# The Whistle Blower



## spudnic (Mar 2, 2012)

I dont know if any of you kids know about this guy but ive seen his tags on just about everytrain that goes by. Ive seen it in places where train definatly dont side in the middle of but fuck nowhere in the middle of snow, pretty much everywhere. Just seeing if anyone knows who this guy is. Im thinking hes probably a worker or something.


----------



## Kim Chee (Mar 2, 2012)

I've seen his shit everywhere in the last four years or so. Another member mentioned his work and I started to laugh about how this rider has got to get out every time the train stops and sign every damn boxcar he can before the train starts moving again. Serial tagger. Let me know if you discover that he's blowing anything besides whistles.


----------



## JoshWaits (Mar 3, 2012)

Hes not a worker. Hes based out of Portland/Eugene. I am assuming he does not ride further than eastern Montana and Southern California. From what I know none of his monikers are on the East Coast, Midwest, or the South, cept on trains.I was sleeping on this loading dock when I saw someone throwing up a moniker on a parked car and assuming it was Whistle Blower I said his name, he stopped, and then kept walking. I went over to the car he was scribing on and I smudged the Whistle and it was fresher than anything else on that end of the car. Hes got to be between 25-32. His name is Aaron Daktyl and the only reason I know that is because he puts out a zine called Railroad Schematics. If you are ever in Portland go to the downtown library and in the zine section they have there are a few copies of his zine.

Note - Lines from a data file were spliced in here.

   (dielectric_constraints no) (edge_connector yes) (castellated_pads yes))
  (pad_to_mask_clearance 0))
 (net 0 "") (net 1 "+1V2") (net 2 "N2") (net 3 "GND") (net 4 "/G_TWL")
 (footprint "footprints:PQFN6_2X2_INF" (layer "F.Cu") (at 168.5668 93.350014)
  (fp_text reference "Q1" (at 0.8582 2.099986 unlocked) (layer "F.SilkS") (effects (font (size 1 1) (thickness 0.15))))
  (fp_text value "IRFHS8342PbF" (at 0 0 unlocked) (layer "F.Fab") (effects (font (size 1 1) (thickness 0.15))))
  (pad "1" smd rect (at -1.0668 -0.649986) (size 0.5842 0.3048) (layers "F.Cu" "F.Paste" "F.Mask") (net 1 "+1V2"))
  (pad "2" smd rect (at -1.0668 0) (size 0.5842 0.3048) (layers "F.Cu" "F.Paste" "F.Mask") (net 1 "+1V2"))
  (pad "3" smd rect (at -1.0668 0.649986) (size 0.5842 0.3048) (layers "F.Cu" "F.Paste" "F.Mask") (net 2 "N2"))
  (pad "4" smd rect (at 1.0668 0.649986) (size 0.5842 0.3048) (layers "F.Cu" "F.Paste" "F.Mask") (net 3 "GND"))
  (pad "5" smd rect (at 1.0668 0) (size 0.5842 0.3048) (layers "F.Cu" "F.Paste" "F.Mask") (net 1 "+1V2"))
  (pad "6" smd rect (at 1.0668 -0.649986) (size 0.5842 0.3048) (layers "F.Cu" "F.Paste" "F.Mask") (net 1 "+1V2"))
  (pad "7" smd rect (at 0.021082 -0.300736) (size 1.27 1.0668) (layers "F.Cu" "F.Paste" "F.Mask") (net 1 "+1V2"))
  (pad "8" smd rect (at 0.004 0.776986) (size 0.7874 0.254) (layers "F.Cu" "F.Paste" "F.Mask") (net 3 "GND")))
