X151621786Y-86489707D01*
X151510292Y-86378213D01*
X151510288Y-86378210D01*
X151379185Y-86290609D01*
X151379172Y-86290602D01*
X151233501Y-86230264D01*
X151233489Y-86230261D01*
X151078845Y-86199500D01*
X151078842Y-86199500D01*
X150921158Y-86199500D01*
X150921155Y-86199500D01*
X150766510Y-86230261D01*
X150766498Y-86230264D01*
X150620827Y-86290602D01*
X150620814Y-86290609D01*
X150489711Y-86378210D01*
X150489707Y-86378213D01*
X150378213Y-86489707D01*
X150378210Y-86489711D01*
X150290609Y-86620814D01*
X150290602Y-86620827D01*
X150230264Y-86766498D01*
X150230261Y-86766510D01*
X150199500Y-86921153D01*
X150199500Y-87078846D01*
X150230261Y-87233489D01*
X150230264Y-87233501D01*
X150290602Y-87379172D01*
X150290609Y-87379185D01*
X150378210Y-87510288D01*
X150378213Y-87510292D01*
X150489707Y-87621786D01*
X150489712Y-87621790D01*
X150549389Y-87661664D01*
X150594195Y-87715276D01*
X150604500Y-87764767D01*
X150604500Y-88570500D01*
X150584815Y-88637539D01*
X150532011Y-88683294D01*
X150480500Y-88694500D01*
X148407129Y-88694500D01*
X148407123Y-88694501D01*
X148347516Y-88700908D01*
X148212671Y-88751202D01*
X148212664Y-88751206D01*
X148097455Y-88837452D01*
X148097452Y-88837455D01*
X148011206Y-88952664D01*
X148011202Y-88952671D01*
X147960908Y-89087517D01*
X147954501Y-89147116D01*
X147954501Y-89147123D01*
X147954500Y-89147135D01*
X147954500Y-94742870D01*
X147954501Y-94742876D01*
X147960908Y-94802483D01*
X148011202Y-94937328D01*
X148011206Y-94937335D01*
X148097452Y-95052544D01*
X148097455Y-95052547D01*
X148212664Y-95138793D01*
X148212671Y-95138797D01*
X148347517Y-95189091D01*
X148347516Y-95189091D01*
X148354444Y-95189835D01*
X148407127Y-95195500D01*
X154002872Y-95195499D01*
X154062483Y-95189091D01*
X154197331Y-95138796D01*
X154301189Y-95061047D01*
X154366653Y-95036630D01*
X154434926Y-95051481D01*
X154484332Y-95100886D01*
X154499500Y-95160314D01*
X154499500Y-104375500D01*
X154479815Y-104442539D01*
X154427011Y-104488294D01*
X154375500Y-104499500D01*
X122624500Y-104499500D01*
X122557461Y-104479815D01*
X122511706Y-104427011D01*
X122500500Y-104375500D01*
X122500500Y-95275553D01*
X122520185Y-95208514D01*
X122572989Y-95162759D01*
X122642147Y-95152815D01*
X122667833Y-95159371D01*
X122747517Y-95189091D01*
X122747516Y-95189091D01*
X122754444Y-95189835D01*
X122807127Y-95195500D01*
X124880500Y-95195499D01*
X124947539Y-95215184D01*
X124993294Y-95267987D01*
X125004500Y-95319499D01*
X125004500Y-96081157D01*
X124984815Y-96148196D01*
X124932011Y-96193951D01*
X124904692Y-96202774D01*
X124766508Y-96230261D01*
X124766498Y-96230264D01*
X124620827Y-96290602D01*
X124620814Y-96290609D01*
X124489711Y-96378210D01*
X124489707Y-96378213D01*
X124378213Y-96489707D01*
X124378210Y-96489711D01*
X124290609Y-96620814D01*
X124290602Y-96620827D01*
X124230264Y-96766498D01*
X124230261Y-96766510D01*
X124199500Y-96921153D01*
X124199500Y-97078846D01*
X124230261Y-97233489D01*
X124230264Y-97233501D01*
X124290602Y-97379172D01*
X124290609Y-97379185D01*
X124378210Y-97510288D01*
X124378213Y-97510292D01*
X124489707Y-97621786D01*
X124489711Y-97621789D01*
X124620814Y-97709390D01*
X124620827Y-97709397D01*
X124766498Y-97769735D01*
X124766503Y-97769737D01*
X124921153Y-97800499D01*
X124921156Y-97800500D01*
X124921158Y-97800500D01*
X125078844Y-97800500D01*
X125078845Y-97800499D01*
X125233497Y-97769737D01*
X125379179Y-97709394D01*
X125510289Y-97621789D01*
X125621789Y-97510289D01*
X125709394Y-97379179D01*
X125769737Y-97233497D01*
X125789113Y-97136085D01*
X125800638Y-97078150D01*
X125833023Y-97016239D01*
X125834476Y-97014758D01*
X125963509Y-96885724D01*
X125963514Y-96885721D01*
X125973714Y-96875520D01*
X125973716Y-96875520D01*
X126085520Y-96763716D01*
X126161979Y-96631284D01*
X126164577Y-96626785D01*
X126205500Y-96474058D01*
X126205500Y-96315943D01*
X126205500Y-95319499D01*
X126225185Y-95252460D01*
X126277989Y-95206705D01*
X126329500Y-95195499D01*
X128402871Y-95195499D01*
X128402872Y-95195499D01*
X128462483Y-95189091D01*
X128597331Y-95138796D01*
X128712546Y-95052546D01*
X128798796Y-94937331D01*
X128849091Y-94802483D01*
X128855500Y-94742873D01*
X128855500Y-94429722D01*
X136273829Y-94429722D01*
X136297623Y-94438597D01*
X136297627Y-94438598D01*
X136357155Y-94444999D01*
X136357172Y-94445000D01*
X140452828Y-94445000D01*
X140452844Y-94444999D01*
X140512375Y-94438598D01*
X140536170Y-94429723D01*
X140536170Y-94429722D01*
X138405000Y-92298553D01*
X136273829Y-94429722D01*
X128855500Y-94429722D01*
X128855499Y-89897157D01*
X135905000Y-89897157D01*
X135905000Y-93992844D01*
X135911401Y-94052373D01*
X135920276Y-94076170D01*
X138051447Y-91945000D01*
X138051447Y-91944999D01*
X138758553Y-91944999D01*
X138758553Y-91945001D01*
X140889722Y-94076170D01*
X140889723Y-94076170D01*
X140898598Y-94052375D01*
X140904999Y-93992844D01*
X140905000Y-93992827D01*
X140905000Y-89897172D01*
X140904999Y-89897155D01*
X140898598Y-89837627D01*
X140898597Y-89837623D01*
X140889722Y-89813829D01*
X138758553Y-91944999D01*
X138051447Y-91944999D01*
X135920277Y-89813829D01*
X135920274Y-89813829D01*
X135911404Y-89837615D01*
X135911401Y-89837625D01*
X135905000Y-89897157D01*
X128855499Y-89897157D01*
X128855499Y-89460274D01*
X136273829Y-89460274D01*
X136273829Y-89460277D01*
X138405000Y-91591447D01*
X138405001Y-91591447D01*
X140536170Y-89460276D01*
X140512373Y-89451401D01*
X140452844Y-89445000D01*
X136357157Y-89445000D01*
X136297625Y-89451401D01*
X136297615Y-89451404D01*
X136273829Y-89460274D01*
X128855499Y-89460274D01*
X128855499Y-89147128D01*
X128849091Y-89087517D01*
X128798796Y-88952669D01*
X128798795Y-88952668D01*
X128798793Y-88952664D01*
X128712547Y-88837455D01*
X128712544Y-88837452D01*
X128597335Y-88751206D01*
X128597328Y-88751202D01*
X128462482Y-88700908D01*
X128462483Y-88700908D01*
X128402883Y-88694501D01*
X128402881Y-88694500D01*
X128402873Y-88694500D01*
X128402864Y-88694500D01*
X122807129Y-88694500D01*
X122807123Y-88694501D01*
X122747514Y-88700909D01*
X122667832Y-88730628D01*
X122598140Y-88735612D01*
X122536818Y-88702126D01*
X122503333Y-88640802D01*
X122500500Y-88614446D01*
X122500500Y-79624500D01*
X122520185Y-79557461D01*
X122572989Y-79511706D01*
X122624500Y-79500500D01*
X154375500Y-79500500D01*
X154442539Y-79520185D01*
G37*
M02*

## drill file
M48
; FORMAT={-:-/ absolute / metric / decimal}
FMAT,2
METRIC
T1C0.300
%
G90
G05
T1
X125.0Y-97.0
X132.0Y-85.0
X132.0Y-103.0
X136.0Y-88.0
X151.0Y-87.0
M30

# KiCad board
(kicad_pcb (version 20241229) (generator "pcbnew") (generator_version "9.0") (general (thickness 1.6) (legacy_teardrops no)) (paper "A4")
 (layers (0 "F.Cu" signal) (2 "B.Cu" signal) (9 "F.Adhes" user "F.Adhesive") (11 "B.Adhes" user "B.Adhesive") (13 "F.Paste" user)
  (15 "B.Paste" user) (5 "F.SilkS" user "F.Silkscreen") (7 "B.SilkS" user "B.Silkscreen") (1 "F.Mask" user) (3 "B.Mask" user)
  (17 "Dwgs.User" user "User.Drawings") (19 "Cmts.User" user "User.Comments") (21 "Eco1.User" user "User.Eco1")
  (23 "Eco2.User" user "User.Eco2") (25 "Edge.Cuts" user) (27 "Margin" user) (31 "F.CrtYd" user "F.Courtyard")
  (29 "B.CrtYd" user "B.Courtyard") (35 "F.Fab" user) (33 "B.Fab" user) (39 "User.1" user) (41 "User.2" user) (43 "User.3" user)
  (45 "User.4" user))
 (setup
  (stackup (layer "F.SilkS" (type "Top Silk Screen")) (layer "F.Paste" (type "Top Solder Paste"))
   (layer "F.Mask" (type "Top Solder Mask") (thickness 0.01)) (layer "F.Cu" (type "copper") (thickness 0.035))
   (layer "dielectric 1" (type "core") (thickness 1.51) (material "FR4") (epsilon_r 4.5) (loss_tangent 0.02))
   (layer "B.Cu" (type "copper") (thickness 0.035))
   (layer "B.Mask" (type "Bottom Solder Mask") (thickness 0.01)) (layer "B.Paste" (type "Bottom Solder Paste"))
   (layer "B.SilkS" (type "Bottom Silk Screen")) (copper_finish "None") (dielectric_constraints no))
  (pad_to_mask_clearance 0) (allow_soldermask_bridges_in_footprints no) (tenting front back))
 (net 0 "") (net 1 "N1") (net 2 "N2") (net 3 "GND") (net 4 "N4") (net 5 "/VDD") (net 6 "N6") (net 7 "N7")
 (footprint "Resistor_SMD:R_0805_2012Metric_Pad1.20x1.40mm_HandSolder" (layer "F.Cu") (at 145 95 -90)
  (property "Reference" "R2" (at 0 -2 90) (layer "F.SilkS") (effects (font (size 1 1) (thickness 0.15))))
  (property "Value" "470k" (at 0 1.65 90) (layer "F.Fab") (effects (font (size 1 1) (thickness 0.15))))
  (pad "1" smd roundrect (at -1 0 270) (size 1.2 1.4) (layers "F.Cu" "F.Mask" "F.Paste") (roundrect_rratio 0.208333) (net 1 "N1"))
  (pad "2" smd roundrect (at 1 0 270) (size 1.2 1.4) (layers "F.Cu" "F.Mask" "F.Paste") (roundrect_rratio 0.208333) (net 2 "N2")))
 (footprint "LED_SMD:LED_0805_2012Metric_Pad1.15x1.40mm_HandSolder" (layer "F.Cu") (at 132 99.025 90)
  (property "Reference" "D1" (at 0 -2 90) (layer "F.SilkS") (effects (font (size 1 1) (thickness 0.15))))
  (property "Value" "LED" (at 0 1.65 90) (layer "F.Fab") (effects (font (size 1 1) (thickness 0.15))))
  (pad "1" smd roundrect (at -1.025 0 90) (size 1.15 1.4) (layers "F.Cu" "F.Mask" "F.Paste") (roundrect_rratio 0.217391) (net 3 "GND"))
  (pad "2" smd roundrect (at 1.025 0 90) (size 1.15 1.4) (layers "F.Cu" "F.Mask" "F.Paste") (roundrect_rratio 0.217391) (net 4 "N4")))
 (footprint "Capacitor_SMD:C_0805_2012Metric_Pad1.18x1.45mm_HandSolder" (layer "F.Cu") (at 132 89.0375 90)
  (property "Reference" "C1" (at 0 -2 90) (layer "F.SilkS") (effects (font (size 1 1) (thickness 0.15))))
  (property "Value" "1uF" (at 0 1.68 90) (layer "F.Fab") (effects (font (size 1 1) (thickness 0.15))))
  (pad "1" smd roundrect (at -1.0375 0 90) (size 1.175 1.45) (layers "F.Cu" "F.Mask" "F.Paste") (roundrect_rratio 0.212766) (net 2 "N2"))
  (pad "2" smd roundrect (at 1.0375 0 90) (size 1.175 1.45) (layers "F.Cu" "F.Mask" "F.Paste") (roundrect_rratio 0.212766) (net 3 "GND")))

I have had him kick down $5 and a USPostal sticker with his tag on it while busking with friends, here in Portland. A friend of mine just ran into him two weeks ago in Eugene. Also Crobar, Bookman, and John Easley.

So many people hate him because hes so prolific. I am indifferent.

Whistle Destroyer, Piggy Blower. Monikers that deface his monikers. I enjoy the fun people get out of it.

I bet hes on this site.


----------



## CXR1037 (Mar 3, 2012)

I knew someone would bring up that zine (even though Flickr would flame you relentlessly; don't go blowin' up writerz, yo). 

cxr - widely unknown, indeed


----------



## JoshWaits (Mar 3, 2012)

Security culture


----------



## thefourthgeorge (Mar 3, 2012)

He's the one that wrote that zine?
I've been wondering about this guy too, after seeing his tag EVERY FUCKING WHERE along the Black Butte-PDX run.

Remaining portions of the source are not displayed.